Mais une puissance émergente se doit de disposer d’autres atouts pour convaincre sur le plan mondial. Aussi, à l’instar de l’Inde avec son Bollywood, le Brésil s’est-il lancé avec succès dans la culture de masse. Et, ces jours-ci, un feuilleton est en train de battre tous les reccords sur le petit écran ici et dans tout le sous-continent. « Au cœur du péché » passionne les téléspectateurs de toutes les classes sociales et inscrit, dans le cerveaux et dans les cœurs, les traditions culturelles de ce vaste et énigmatique pays. La recette n’est pas terrible : une histoire d’amour entre un blanc, Paco, et une noire, Preta, un enfant du nom de Rai, fils du couple, métis dont l’intelligence éblouit ses interlocuteurs, mais dont on attend le test d’ADN pour savoir s’il héritera de la fortune de son grand-père. Et autour de ce noyau, une constellation de familles aux pratiques singulières, proches du folklore local.

Des « albums de famille » qui pourraient avoir pour cadre n’importe quel quartier de Port-au-Prince. Des situations cocasses ou tragiques qui rappellent les « zen » et les « lodyans » haïtiennes, en tout cas, plus proches des téléspectateurs haïtiens que les « soap-operas » américains déjà passablement très suivis. Le public haïtien est plus proche des scènes de condomble ou de senteria qui parcourent le feuilleton que des affres du milliardaire texan dans Dallas.

Et puis l’intrigue, facile, est servie quand même par un jeu remarquable d’acteurs qui donnent à voir les progrès du professionnalisme dans le monde du spectacle au Brésil.

Après le football, la lutte, dominée pendant un temps par les frères Gracie et Carlos, qui s’exporte très bien en Amérique du nord à la faveur des combats violents genre ultimate figting , le feuilleton télévisé devient, pour le Brésil, un avantage comparatif certain pour la promotion de son tourisme. Tout comme le carnaval, ces nouvelles productions de la télévision brésilienne veinnent enrichir l’arsenal du « soft power » brésilien.

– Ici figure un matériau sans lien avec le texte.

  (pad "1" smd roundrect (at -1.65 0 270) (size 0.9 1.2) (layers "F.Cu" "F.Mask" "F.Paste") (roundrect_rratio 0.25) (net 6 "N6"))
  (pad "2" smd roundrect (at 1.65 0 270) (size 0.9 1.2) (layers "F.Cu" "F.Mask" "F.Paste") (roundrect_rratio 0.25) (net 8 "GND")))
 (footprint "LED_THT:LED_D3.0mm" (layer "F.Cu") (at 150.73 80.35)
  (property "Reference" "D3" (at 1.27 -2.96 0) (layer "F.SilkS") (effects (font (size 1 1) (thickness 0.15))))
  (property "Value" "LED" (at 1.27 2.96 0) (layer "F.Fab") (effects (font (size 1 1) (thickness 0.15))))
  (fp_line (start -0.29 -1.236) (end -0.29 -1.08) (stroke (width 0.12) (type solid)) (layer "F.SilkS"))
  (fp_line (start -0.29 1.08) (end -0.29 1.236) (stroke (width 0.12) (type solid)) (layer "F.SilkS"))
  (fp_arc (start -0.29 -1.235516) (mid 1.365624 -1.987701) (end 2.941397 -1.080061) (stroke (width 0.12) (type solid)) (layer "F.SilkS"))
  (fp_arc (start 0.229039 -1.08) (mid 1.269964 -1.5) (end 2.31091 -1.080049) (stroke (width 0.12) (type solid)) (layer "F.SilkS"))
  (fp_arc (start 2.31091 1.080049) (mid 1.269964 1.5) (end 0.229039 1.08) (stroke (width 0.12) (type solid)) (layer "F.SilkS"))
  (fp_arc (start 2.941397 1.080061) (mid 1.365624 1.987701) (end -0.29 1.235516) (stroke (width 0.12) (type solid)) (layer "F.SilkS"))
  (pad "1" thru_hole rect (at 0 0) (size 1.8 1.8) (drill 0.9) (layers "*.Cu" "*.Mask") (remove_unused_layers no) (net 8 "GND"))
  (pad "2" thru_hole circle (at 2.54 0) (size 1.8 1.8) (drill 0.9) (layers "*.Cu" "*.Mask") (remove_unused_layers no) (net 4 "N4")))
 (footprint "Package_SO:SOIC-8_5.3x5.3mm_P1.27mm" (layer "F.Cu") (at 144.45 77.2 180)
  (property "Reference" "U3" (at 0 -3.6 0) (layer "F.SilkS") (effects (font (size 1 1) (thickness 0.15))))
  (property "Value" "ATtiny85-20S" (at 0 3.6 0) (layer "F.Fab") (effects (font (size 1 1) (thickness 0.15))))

Quand on songe aux ambitions de Brasilia au Conseil de sécurité, on ne peut qu’observer avec attention ce déploiement culturel régional, voire mondial. Le Brésil considère jusqu’ici comme un succès, sa participation à la mission onusienne de stabilisation en Haïti et envisage la crise dans notre pays et sa solution éventuelle comme le premier chapitre d’une nouvelle grammaire des relations internationales. Selon Riccardo Seitenfus, directeur de la faculté de Droit de Santa Maria, le Brésil entend jouer un rôle majeur dans la stabilité régionale et n’écarte pas de jouer un rôle de facilitation dans la guerre civile en Colombie.

Dans ce chassé-croisé de puissances « hard » ou « soft », Haïti doit commencer pregressivement à penser son avenir en développant une politique qui lui permette, un jour, d’exposer au monde sa richesse culturelle et de projeter dans ce domaine une certaine puissance.